Member of the Telangana Legislative Assembly
- Incumbent
- Assumed office 2023
- Preceded by: Bajireddy Goverdhan

Personal details
- Party: Indian National Congress

= Rekulapally Bhoopathi Reddy =

Indian politician

Rekulapally Bhoopathi Reddy (born 1964) is an Indian politician from Telangana state. He is a member of the Telangana Legislative Assembly from Nizamabad Rural Assembly constituency in Nizamabad district. He represents Indian National Congress and won the 2023 Telangana Legislative Assembly election.
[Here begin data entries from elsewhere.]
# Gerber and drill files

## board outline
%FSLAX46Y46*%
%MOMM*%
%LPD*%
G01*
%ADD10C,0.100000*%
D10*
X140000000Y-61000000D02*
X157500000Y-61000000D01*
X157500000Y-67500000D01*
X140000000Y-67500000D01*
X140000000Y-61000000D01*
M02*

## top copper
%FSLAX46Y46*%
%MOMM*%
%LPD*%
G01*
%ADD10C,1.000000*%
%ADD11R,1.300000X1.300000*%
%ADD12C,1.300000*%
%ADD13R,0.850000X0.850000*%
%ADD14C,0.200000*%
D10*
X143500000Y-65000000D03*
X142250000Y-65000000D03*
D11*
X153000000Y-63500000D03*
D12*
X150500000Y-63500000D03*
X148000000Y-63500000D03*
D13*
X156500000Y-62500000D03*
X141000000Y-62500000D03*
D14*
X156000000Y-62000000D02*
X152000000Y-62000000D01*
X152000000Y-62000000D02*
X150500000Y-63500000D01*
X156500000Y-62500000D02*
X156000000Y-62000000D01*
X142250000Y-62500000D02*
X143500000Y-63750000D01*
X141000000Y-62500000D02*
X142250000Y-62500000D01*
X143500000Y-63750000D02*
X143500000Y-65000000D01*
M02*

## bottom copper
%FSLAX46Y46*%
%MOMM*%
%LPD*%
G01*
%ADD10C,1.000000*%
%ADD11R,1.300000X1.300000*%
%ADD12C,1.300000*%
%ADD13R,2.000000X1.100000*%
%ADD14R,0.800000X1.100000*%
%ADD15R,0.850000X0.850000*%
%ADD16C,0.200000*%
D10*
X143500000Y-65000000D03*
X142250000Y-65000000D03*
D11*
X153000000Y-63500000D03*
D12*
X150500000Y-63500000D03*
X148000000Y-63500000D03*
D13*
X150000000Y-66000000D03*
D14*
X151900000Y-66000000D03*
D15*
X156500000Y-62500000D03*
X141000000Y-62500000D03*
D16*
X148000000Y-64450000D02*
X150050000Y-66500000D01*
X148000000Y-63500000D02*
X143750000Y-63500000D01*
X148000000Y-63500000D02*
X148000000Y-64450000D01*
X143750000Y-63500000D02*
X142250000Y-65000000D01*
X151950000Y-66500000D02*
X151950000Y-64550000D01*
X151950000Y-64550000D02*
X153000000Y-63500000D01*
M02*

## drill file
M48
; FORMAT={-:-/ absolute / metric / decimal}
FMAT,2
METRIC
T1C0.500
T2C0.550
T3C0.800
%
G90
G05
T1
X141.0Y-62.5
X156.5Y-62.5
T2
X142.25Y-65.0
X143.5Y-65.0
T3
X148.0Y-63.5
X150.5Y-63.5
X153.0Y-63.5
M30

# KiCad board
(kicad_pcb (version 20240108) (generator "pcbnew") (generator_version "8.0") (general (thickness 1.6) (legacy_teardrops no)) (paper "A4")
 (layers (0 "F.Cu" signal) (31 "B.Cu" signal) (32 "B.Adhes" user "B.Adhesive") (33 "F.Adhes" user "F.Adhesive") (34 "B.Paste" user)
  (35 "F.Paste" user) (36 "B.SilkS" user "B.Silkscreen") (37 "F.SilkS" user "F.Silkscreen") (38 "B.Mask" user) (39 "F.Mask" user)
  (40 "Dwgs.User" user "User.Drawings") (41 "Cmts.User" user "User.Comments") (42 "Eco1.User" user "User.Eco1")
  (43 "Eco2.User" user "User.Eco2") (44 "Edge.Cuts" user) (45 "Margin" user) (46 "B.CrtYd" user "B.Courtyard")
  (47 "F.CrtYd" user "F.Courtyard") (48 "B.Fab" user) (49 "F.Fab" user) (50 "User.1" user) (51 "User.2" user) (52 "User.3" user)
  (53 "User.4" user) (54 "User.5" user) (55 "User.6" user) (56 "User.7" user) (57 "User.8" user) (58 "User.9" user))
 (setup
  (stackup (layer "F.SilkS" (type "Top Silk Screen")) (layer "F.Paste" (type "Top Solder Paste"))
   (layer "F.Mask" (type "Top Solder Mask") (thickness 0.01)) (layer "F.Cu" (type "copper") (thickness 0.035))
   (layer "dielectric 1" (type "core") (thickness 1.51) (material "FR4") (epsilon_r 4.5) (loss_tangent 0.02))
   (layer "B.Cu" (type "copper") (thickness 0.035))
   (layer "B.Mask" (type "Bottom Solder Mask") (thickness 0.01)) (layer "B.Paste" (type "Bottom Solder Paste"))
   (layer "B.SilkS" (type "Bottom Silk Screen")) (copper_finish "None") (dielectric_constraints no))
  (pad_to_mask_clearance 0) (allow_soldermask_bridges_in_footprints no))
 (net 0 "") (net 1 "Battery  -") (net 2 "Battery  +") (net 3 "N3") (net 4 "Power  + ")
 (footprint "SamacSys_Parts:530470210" (layer "F.Cu") (at 143.5 65)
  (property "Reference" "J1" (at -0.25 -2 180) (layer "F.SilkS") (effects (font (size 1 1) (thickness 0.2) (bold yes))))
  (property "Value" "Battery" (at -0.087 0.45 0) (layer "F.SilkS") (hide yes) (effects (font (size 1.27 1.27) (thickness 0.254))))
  (pad "1" thru_hole circle (at 0 0) (size 1 1) (drill 0.55) (layers "*.Cu" "*.Mask") (remove_unused_layers no) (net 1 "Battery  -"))
  (pad "2" thru_hole circle (at -1.25 0) (size 1 1) (drill 0.55) (layers "*.Cu" "*.Mask") (remove_unused_layers no) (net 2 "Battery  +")))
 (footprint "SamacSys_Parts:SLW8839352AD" (layer "F.Cu") (at 153 63.5 180)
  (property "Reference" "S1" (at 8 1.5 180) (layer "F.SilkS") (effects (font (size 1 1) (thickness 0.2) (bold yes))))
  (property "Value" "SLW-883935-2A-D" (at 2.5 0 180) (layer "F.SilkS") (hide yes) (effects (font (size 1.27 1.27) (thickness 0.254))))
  (pad "1" thru_hole rect (at 0 0 180) (size 1.3 1.3) (drill 0.8) (layers "*.Cu" "*.Mask") (remove_unused_layers no) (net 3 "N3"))
  (pad "2" thru_hole circle (at 2.5 0 180) (size 1.3 1.3) (drill 0.8) (layers "*.Cu" "*.Mask") (remove_unused_layers no) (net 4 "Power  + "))
  (pad "3" thru_hole circle (at 5 0 180) (size 1.3 1.3) (drill 0.8) (layers "*.Cu" "*.Mask") (remove_unused_layers no) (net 2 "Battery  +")))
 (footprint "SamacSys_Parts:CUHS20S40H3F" (layer "B.Cu") (at 150.95 66)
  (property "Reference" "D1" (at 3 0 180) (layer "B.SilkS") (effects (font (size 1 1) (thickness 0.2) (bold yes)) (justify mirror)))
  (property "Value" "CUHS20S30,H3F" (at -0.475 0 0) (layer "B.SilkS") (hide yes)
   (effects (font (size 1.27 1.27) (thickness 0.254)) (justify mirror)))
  (pad "1" smd rect (at -0.95 0 270) (size 1.1 2) (layers "B.Cu" "B.Paste" "B.Mask") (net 2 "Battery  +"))
  (pad "2" smd rect (at 0.95 0) (size 0.8 1.1) (layers "B.Cu" "B.Paste" "B.Mask") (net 3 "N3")))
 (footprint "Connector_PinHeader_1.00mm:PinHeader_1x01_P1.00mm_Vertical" (layer "B.Cu") (at 156.5 62.5 180)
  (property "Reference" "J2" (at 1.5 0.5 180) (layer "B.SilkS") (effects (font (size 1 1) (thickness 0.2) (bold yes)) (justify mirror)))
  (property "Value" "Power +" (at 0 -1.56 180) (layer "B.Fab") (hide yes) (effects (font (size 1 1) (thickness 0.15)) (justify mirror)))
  (pad "1" thru_hole rect (at 0 0 180) (size 0.85 0.85) (drill 0.5) (layers "*.Cu" "*.Mask") (remove_unused_layers no) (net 4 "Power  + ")))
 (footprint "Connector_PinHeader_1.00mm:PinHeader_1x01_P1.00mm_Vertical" (layer "B.Cu") (at 141 62.5 180)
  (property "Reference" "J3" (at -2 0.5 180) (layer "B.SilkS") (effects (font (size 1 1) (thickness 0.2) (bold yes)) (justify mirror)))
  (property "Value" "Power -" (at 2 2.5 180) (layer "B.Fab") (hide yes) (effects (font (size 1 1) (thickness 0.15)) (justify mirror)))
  (pad "1" thru_hole rect (at 0 0 180) (size 0.85 0.85) (drill 0.5) (layers "*.Cu" "*.Mask") (remove_unused_layers no) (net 1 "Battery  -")))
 (gr_rect (start 140 61) (end 157.5 67.5) (stroke (width 0.1) (type default)) (fill none) (layer "Edge.Cuts"))
 (segment (start 148 64.45) (end 150.05 66.5) (width 0.2) (layer "B.Cu") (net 2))
 (segment (start 148 63.5) (end 143.75 63.5) (width 0.2) (layer "B.Cu") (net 2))
 (segment (start 148 63.5) (end 148 64.45) (width 0.2) (layer "B.Cu") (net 2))
 (segment (start 143.75 63.5) (end 142.25 65) (width 0.2) (layer "B.Cu") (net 2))
 (segment (start 156 62) (end 152 62) (width 0.2) (layer "F.Cu") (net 4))
 (segment (start 152 62) (end 150.5 63.5) (width 0.2) (layer "F.Cu") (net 4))
 (segment (start 156.5 62.5) (end 156 62) (width 0.2) (layer "F.Cu") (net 4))
 (segment (start 142.25 62.5) (end 143.5 63.75) (width 0.2) (layer "F.Cu") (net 1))
 (segment (start 141 62.5) (end 142.25 62.5) (width 0.2) (layer "F.Cu") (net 1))
 (segment (start 143.5 63.75) (end 143.5 65) (width 0.2) (layer "F.Cu") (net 1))
 (segment (start 151.95 66.5) (end 151.95 64.55) (width 0.2) (layer "B.Cu") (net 3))
 (segment (start 151.95 64.55) (end 153 63.5) (width 0.2) (layer "B.Cu") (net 3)))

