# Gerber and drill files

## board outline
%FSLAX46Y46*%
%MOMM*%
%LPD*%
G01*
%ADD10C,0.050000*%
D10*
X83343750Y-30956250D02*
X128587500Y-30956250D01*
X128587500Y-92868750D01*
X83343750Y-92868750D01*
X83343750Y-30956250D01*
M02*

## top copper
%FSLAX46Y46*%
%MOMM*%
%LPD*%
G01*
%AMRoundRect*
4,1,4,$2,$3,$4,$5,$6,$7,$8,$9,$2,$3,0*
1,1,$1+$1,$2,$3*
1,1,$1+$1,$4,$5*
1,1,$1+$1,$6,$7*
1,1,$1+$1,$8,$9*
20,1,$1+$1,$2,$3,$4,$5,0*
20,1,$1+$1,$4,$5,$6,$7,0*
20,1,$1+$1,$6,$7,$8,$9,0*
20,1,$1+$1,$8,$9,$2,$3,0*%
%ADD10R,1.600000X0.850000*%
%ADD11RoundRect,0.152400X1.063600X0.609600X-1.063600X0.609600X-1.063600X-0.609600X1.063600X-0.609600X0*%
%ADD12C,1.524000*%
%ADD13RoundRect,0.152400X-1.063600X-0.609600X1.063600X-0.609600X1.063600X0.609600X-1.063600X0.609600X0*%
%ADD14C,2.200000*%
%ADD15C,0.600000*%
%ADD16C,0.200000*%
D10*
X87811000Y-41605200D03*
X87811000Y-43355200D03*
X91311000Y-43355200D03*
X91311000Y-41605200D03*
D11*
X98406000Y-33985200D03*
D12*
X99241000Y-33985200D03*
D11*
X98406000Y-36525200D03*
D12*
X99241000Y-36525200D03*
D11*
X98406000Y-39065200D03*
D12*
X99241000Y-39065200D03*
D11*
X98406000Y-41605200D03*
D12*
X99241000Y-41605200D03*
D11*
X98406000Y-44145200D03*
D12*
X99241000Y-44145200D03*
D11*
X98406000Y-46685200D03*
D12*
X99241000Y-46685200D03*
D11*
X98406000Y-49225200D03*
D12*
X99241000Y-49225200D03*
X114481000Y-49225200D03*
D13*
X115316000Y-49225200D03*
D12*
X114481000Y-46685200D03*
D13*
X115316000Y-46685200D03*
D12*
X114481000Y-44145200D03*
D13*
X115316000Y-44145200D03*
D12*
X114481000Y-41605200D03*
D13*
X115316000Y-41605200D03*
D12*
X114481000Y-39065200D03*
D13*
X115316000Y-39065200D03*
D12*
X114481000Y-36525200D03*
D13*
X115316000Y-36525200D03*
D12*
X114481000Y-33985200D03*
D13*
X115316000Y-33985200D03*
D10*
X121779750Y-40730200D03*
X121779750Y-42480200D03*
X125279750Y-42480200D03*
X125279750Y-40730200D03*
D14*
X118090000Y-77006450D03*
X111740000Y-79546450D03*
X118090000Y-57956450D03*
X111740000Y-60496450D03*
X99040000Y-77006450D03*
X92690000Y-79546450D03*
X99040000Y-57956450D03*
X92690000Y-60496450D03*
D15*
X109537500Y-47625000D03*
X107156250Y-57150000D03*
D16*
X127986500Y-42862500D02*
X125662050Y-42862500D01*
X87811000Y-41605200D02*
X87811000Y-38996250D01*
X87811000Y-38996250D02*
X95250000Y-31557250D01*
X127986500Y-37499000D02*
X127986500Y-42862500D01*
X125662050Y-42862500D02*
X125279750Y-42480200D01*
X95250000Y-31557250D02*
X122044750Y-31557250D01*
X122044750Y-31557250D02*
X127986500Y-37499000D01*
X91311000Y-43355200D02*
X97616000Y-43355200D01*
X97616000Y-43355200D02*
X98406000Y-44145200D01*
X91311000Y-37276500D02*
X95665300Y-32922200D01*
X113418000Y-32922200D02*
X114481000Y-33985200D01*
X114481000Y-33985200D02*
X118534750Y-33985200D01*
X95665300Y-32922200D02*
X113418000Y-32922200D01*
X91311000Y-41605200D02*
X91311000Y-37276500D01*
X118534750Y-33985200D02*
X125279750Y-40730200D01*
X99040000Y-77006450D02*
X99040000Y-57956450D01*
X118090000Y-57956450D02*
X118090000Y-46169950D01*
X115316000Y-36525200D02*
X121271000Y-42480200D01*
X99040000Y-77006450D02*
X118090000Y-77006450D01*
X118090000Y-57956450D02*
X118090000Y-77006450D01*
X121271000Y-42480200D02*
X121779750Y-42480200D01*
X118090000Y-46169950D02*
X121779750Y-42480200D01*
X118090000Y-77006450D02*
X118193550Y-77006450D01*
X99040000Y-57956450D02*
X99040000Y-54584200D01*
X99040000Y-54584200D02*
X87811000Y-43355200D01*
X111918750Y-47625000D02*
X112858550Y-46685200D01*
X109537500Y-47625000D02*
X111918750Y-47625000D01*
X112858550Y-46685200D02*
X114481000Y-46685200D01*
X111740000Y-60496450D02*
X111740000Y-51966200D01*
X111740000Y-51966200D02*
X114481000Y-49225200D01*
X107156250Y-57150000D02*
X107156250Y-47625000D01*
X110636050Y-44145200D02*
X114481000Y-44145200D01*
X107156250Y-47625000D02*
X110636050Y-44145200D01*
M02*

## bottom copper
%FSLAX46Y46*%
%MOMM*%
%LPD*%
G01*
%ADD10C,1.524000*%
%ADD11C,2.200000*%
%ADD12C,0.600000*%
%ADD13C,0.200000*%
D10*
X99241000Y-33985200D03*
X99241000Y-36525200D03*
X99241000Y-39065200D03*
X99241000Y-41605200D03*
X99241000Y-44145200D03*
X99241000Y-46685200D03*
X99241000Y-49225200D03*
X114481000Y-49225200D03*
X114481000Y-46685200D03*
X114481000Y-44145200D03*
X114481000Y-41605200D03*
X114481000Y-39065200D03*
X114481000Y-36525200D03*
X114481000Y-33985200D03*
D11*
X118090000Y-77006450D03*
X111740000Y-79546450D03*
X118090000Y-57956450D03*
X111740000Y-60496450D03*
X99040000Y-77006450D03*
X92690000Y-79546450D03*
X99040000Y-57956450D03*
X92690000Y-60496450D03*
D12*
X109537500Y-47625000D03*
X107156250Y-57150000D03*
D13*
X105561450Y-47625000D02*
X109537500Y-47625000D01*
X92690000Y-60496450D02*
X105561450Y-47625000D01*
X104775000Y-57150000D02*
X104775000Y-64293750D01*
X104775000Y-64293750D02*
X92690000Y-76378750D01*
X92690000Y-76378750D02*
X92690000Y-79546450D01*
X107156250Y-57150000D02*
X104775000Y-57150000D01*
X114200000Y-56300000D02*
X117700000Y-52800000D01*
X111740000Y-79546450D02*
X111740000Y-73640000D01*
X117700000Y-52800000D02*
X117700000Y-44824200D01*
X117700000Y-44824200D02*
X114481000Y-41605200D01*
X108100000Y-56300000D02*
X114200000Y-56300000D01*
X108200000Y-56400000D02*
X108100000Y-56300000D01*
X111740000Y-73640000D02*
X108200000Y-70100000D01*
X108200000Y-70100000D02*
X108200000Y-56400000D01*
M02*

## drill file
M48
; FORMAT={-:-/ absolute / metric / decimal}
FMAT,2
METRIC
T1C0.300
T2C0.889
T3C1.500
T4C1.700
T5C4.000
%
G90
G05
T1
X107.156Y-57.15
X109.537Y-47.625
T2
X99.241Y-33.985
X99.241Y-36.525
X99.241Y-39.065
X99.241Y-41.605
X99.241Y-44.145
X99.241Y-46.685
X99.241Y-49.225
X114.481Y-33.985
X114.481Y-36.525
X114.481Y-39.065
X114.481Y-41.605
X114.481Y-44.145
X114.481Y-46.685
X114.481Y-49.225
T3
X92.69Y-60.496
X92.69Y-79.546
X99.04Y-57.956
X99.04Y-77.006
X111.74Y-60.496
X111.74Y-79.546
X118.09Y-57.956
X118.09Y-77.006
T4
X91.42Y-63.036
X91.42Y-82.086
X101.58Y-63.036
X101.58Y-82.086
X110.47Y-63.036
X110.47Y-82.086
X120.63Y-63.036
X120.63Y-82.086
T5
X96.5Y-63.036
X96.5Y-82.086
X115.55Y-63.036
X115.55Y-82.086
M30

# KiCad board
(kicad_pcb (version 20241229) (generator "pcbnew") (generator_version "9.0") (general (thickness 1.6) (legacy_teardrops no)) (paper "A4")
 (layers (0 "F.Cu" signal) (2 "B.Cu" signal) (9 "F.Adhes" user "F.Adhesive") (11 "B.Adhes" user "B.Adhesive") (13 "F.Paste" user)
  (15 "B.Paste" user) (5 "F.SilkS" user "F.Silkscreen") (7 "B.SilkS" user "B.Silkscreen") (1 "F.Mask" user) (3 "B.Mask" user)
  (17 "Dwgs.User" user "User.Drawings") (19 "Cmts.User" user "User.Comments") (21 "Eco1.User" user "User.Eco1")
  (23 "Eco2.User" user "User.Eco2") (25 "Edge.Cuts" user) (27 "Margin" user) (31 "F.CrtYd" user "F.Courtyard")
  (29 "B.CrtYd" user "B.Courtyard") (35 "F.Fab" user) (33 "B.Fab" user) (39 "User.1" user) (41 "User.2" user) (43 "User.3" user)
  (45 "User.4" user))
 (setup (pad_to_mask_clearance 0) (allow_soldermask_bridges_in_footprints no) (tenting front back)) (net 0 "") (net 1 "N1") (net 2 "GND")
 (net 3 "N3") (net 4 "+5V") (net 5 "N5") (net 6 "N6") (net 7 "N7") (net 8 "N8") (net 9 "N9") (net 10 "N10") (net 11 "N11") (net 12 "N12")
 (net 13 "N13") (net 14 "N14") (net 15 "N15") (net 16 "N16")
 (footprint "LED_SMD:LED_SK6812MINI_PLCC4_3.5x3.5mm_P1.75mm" (layer "F.Cu") (at 89.561 42.4802)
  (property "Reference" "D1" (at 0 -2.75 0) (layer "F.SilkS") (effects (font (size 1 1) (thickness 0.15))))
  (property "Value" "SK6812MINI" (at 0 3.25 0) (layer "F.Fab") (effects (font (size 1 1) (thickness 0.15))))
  (pad "1" smd rect (at -1.75 -0.875) (size 1.6 0.85) (layers "F.Cu" "F.Mask" "F.Paste") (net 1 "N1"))
  (pad "2" smd rect (at -1.75 0.875) (size 1.6 0.85) (layers "F.Cu" "F.Mask" "F.Paste") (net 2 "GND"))
  (pad "3" smd rect (at 1.75 0.875) (size 1.6 0.85) (layers "F.Cu" "F.Mask" "F.Paste") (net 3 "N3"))
  (pad "4" smd rect (at 1.75 -0.875) (size 1.6 0.85) (layers "F.Cu" "F.Mask" "F.Paste") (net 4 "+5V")))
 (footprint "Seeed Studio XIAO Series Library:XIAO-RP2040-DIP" (layer "F.Cu") (at 106.861 41.6052)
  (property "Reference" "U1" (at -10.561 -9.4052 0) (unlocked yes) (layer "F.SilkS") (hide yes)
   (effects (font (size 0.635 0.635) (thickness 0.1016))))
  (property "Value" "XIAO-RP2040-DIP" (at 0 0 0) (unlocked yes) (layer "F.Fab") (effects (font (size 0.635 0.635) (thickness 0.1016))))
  (pad "1" smd roundrect (at -8.455 -7.62 180) (size 2.432 1.524) (layers "F.Cu" "F.Mask") (roundrect_rratio 0.1) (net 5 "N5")
   (thermal_bridge_angle 45))
  (pad "1" thru_hole circle (at -7.62 -7.62 180) (size 1.524 1.524) (drill 0.889) (layers "*.Cu" "*.Mask") (remove_unused_layers no)
   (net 5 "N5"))
  (pad "2" smd roundrect (at -8.455 -5.08 180) (size 2.432 1.524) (layers "F.Cu" "F.Mask") (roundrect_rratio 0.1) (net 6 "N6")
   (thermal_bridge_angle 45))
  (pad "2" thru_hole circle (at -7.62 -5.08 180) (size 1.524 1.524) (drill 0.889) (layers "*.Cu" "*.Mask") (remove_unused_layers no)
   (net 6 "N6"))
  (pad "3" smd roundrect (at -8.455 -2.54 180) (size 2.432 1.524) (layers "F.Cu" "F.Mask") (roundrect_rratio 0.1) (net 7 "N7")
   (thermal_bridge_angle 45))
  (pad "3" thru_hole circle (at -7.62 -2.54 180) (size 1.524 1.524) (drill 0.889) (layers "*.Cu" "*.Mask") (remove_unused_layers no)
   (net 7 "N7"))
  (pad "4" smd roundrect (at -8.455 0 180) (size 2.432 1.524) (layers "F.Cu" "F.Mask") (roundrect_rratio 0.1) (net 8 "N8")
   (thermal_bridge_angle 45))
  (pad "4" thru_hole circle (at -7.62 0 180) (size 1.524 1.524) (drill 0.889) (layers "*.Cu" "*.Mask") (remove_unused_layers no)
   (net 8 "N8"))
  (pad "5" smd roundrect (at -8.455 2.54 180) (size 2.432 1.524) (layers "F.Cu" "F.Mask") (roundrect_rratio 0.1) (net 3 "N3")
   (thermal_bridge_angle 45))
  (pad "5" thru_hole circle (at -7.62 2.54 180) (size 1.524 1.524) (drill 0.889) (layers "*.Cu" "*.Mask") (remove_unused_layers no)
   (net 3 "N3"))
  (pad "6" smd roundrect (at -8.455 5.08 180) (size 2.432 1.524) (layers "F.Cu" "F.Mask") (roundrect_rratio 0.1) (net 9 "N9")
   (thermal_bridge_angle 45))
  (pad "6" thru_hole circle (at -7.62 5.08 180) (size 1.524 1.524) (drill 0.889) (layers "*.Cu" "*.Mask") (remove_unused_layers no)
   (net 9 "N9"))
  (pad "7" smd roundrect (at -8.455 7.62 180) (size 2.432 1.524) (layers "F.Cu" "F.Mask") (roundrect_rratio 0.1) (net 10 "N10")
   (thermal_bridge_angle 45))
  (pad "7" thru_hole circle (at -7.62 7.62 180) (size 1.524 1.524) (drill 0.889) (layers "*.Cu" "*.Mask") (remove_unused_layers no)
   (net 10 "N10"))
  (pad "8" thru_hole circle (at 7.62 7.62) (size 1.524 1.524) (drill 0.889) (layers "*.Cu" "*.Mask") (remove_unused_layers no)
   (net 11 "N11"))
  (pad "8" smd roundrect (at 8.455 7.62) (size 2.432 1.524) (layers "F.Cu" "F.Mask") (roundrect_rratio 0.1) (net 11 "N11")
   (thermal_bridge_angle 45))
  (pad "9" thru_hole circle (at 7.62 5.08) (size 1.524 1.524) (drill 0.889) (layers "*.Cu" "*.Mask") (remove_unused_layers no)
   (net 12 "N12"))
  (pad "9" smd roundrect (at 8.455 5.08) (size 2.432 1.524) (layers "F.Cu" "F.Mask") (roundrect_rratio 0.1) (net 12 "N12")
   (thermal_bridge_angle 45))
  (pad "10" thru_hole circle (at 7.62 2.54) (size 1.524 1.524) (drill 0.889) (layers "*.Cu" "*.Mask") (remove_unused_layers no)
   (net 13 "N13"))
  (pad "10" smd roundrect (at 8.455 2.54) (size 2.432 1.524) (layers "F.Cu" "F.Mask") (roundrect_rratio 0.1) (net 13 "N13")
   (thermal_bridge_angle 45))
  (pad "11" thru_hole circle (at 7.62 0) (size 1.524 1.524) (drill 0.889) (layers "*.Cu" "*.Mask") (remove_unused_layers no) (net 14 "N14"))
  (pad "11" smd roundrect (at 8.455 0) (size 2.432 1.524) (layers "F.Cu" "F.Mask") (roundrect_rratio 0.1) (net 14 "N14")
   (thermal_bridge_angle 45))
  (pad "12" thru_hole circle (at 7.62 -2.54) (size 1.524 1.524) (drill 0.889) (layers "*.Cu" "*.Mask") (remove_unused_layers no)
   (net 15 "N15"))
  (pad "12" smd roundrect (at 8.455 -2.54) (size 2.432 1.524) (layers "F.Cu" "F.Mask") (roundrect_rratio 0.1) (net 15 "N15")
   (thermal_bridge_angle 45))
  (pad "13" thru_hole circle (at 7.62 -5.08) (size 1.524 1.524) (drill 0.889) (layers "*.Cu" "*.Mask") (remove_unused_layers no)
   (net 2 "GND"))
  (pad "13" smd roundrect (at 8.455 -5.08) (size 2.432 1.524) (layers "F.Cu" "F.Mask") (roundrect_rratio 0.1) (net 2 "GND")
   (thermal_bridge_angle 45))
  (pad "14" thru_hole circle (at 7.62 -7.62) (size 1.524 1.524) (drill 0.889) (layers "*.Cu" "*.Mask") (remove_unused_layers no)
== Early life and education ==
Reddy is from Nizamabad. He is born to Rekulapally Raja Reddy. He completed his M.S. in Orthopaedics in 1993 from Osmania Medical College, Dr. NTR University of Health Sciences, Vijayawada.

== Career ==
Reddy won from Nizamabad Rural Assembly constituency representing Indian National Congress in the 2023 Telangana Legislative Assembly election. He polled 78,378 votes and defeated his nearest rival, Bajireddy Goverdhan of Bharat Rashtra Samithi by a margin of 21,963 votes. Earlier in the 2018 Telangana Legislative Assembly election, he lost to Bajireddy Goverdhan of Telangana Rashtra Samithi.